• **Work request**: In the entries below, find each line bearing the string "footprint" and copy it.

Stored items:
----------------------------------------

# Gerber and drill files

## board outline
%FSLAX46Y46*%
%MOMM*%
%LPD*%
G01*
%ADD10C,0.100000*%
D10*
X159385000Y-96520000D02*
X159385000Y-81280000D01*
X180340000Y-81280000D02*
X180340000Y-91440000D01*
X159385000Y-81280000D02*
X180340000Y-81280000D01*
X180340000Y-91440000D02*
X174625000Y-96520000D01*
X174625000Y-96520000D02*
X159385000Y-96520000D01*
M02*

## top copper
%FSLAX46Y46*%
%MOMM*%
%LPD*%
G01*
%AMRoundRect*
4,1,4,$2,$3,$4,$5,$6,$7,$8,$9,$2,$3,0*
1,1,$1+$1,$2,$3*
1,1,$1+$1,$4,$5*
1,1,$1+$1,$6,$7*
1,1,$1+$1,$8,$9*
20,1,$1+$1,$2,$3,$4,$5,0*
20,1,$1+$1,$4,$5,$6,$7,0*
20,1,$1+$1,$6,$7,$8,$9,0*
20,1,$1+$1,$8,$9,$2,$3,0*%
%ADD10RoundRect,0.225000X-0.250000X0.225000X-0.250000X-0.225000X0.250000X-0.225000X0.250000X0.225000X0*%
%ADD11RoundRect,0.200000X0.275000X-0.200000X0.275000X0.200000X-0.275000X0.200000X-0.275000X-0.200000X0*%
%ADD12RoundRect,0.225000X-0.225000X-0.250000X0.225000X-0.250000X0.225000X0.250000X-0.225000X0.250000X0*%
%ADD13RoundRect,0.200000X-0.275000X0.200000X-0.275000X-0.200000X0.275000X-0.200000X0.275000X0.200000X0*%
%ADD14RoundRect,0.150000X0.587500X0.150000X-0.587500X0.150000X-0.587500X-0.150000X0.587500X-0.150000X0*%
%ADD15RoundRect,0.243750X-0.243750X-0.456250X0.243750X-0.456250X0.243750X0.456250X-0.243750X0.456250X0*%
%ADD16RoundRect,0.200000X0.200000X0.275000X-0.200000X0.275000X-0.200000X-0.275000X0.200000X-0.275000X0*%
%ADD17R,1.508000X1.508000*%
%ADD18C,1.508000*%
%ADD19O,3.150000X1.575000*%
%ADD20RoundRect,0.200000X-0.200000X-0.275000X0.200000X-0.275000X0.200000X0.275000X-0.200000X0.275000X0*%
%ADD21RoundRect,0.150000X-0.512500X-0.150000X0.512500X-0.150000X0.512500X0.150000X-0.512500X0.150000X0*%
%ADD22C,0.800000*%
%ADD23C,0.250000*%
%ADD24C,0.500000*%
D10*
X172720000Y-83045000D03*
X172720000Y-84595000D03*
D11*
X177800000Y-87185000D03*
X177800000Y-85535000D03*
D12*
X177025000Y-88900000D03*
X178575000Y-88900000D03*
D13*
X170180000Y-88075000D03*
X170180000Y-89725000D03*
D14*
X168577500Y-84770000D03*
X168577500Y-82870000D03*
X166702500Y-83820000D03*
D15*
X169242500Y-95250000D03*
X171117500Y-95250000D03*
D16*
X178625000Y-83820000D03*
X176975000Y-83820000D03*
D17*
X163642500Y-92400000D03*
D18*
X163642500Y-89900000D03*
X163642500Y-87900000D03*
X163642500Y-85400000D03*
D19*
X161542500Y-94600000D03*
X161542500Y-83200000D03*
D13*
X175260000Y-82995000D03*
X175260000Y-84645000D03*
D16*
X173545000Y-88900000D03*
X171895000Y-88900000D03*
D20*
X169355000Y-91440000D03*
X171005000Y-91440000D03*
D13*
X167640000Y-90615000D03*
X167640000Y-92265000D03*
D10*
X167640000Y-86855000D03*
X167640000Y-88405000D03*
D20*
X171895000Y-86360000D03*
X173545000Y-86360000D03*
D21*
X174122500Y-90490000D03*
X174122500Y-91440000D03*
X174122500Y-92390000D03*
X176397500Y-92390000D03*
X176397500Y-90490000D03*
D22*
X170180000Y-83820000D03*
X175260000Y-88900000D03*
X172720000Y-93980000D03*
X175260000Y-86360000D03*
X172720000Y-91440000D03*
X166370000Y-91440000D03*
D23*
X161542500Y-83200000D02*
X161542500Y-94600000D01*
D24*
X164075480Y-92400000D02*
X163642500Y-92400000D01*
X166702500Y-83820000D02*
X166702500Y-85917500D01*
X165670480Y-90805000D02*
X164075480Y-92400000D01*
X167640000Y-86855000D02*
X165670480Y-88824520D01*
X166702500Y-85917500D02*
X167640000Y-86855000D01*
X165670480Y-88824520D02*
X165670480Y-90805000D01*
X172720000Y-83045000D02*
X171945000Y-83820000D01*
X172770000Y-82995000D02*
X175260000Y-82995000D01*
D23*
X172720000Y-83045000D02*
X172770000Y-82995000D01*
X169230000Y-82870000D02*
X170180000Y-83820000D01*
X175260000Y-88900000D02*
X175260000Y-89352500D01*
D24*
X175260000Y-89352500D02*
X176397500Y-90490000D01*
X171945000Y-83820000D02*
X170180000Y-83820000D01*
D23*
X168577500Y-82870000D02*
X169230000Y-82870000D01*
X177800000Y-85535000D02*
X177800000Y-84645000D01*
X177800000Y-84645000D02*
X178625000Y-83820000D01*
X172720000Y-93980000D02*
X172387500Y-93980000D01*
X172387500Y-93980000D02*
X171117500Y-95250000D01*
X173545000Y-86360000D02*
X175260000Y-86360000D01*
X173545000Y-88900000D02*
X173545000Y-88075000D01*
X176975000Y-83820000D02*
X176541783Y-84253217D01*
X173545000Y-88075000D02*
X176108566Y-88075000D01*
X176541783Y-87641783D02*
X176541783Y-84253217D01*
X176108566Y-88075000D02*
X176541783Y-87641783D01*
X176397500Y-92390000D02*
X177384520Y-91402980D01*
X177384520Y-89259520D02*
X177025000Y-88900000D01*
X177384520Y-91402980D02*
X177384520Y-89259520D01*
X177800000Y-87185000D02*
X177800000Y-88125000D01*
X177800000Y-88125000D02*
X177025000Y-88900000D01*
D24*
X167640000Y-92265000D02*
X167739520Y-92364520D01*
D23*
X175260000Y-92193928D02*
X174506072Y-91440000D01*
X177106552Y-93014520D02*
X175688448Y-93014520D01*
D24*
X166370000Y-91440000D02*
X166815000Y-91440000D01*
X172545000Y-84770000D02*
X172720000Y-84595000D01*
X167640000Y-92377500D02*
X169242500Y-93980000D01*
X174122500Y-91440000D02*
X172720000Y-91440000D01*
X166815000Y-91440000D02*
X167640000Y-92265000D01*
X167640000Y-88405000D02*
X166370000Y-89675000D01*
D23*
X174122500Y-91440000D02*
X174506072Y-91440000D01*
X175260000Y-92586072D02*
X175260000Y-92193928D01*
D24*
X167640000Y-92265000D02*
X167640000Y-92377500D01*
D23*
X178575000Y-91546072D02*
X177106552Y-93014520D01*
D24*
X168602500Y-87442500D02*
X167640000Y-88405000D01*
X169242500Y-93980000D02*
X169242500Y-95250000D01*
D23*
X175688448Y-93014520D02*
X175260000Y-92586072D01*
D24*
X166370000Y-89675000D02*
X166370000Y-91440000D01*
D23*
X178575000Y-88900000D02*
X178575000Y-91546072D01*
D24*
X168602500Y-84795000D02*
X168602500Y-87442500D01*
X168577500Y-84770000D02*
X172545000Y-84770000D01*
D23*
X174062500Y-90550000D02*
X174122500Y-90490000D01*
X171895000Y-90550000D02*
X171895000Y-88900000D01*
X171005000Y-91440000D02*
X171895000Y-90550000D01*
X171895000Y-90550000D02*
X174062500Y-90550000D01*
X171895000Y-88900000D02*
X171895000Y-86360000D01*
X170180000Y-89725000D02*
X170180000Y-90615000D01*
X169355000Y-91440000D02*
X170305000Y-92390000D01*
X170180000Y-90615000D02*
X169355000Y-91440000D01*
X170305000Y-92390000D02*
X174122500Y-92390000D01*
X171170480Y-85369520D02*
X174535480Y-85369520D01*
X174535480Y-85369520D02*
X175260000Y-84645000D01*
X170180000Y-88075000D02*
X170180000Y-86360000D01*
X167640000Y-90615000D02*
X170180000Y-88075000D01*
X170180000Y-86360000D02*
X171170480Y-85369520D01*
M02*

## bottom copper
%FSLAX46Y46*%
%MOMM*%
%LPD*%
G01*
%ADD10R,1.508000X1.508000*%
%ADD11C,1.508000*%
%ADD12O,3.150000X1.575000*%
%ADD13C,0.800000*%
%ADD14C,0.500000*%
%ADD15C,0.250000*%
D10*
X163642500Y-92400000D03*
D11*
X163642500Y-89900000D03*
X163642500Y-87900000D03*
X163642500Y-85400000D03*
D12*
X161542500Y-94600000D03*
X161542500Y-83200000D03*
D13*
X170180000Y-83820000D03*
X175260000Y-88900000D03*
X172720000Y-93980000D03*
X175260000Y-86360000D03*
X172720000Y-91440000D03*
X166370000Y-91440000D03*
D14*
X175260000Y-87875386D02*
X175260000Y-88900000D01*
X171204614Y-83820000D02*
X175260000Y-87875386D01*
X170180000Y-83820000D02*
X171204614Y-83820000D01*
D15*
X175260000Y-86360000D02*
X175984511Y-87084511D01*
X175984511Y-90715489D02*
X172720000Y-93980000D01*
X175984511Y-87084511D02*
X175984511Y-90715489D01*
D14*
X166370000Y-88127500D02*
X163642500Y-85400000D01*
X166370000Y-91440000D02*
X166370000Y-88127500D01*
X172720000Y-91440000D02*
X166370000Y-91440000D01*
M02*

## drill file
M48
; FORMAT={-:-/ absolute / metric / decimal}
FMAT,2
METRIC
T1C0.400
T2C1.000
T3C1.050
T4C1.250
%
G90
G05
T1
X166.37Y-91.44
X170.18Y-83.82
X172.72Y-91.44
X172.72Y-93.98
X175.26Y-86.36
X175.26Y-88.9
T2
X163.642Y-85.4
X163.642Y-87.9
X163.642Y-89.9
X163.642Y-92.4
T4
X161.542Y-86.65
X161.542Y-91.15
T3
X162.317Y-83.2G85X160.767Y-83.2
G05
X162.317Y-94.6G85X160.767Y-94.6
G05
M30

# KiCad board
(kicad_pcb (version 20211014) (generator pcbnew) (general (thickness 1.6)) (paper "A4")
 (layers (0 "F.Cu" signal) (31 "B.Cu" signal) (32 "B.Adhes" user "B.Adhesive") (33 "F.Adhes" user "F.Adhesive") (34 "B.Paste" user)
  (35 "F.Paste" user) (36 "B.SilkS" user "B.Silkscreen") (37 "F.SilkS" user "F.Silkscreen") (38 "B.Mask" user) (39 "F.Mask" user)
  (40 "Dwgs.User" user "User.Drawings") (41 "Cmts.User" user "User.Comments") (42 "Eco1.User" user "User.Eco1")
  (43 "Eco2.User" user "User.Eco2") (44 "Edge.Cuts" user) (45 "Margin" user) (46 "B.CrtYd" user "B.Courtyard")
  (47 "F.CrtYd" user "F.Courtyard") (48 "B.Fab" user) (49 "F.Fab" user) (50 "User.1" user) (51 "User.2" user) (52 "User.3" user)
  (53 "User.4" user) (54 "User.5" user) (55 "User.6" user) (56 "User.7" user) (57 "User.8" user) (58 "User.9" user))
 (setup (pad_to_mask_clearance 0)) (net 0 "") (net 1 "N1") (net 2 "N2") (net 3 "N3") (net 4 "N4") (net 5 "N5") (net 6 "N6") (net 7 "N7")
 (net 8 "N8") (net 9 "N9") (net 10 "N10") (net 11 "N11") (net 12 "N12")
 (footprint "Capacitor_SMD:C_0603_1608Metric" (layer "F.Cu") (at 172.72 83.82 -90)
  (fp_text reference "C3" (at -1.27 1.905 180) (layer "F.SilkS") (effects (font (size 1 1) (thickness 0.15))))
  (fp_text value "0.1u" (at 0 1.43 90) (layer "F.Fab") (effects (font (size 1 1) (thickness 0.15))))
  (pad "1" smd roundrect (at -0.775 0 270) (size 0.9 0.95) (layers "F.Cu" "F.Paste" "F.Mask") (roundrect_rratio 0.25) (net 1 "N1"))
  (pad "2" smd roundrect (at 0.775 0 270) (size 0.9 0.95) (layers "F.Cu" "F.Paste" "F.Mask") (roundrect_rratio 0.25) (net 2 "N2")))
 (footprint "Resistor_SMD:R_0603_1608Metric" (layer "F.Cu") (at 177.8 86.36 90)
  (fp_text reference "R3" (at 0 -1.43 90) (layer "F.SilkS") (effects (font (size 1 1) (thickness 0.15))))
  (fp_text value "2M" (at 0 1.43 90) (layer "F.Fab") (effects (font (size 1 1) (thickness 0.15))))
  (pad "1" smd roundrect (at -0.825 0 90) (size 0.8 0.95) (layers "F.Cu" "F.Paste" "F.Mask") (roundrect_rratio 0.25) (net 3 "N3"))
  (pad "2" smd roundrect (at 0.825 0 90) (size 0.8 0.95) (layers "F.Cu" "F.Paste" "F.Mask") (roundrect_rratio 0.25) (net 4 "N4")))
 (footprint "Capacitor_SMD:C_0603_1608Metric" (layer "F.Cu") (at 177.8 88.9)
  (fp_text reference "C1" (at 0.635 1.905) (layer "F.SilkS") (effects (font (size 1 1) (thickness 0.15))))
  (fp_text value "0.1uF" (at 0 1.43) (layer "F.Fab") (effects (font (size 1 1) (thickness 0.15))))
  (pad "1" smd roundrect (at -0.775 0) (size 0.9 0.95) (layers "F.Cu" "F.Paste" "F.Mask") (roundrect_rratio 0.25) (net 3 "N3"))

----------------------------------------

• **Output below**:
 (footprint "Capacitor_SMD:C_0603_1608Metric" (layer "F.Cu") (at 172.72 83.82 -90)
 (footprint "Resistor_SMD:R_0603_1608Metric" (layer "F.Cu") (at 177.8 86.36 90)
 (footprint "Capacitor_SMD:C_0603_1608Metric" (layer "F.Cu") (at 177.8 88.9)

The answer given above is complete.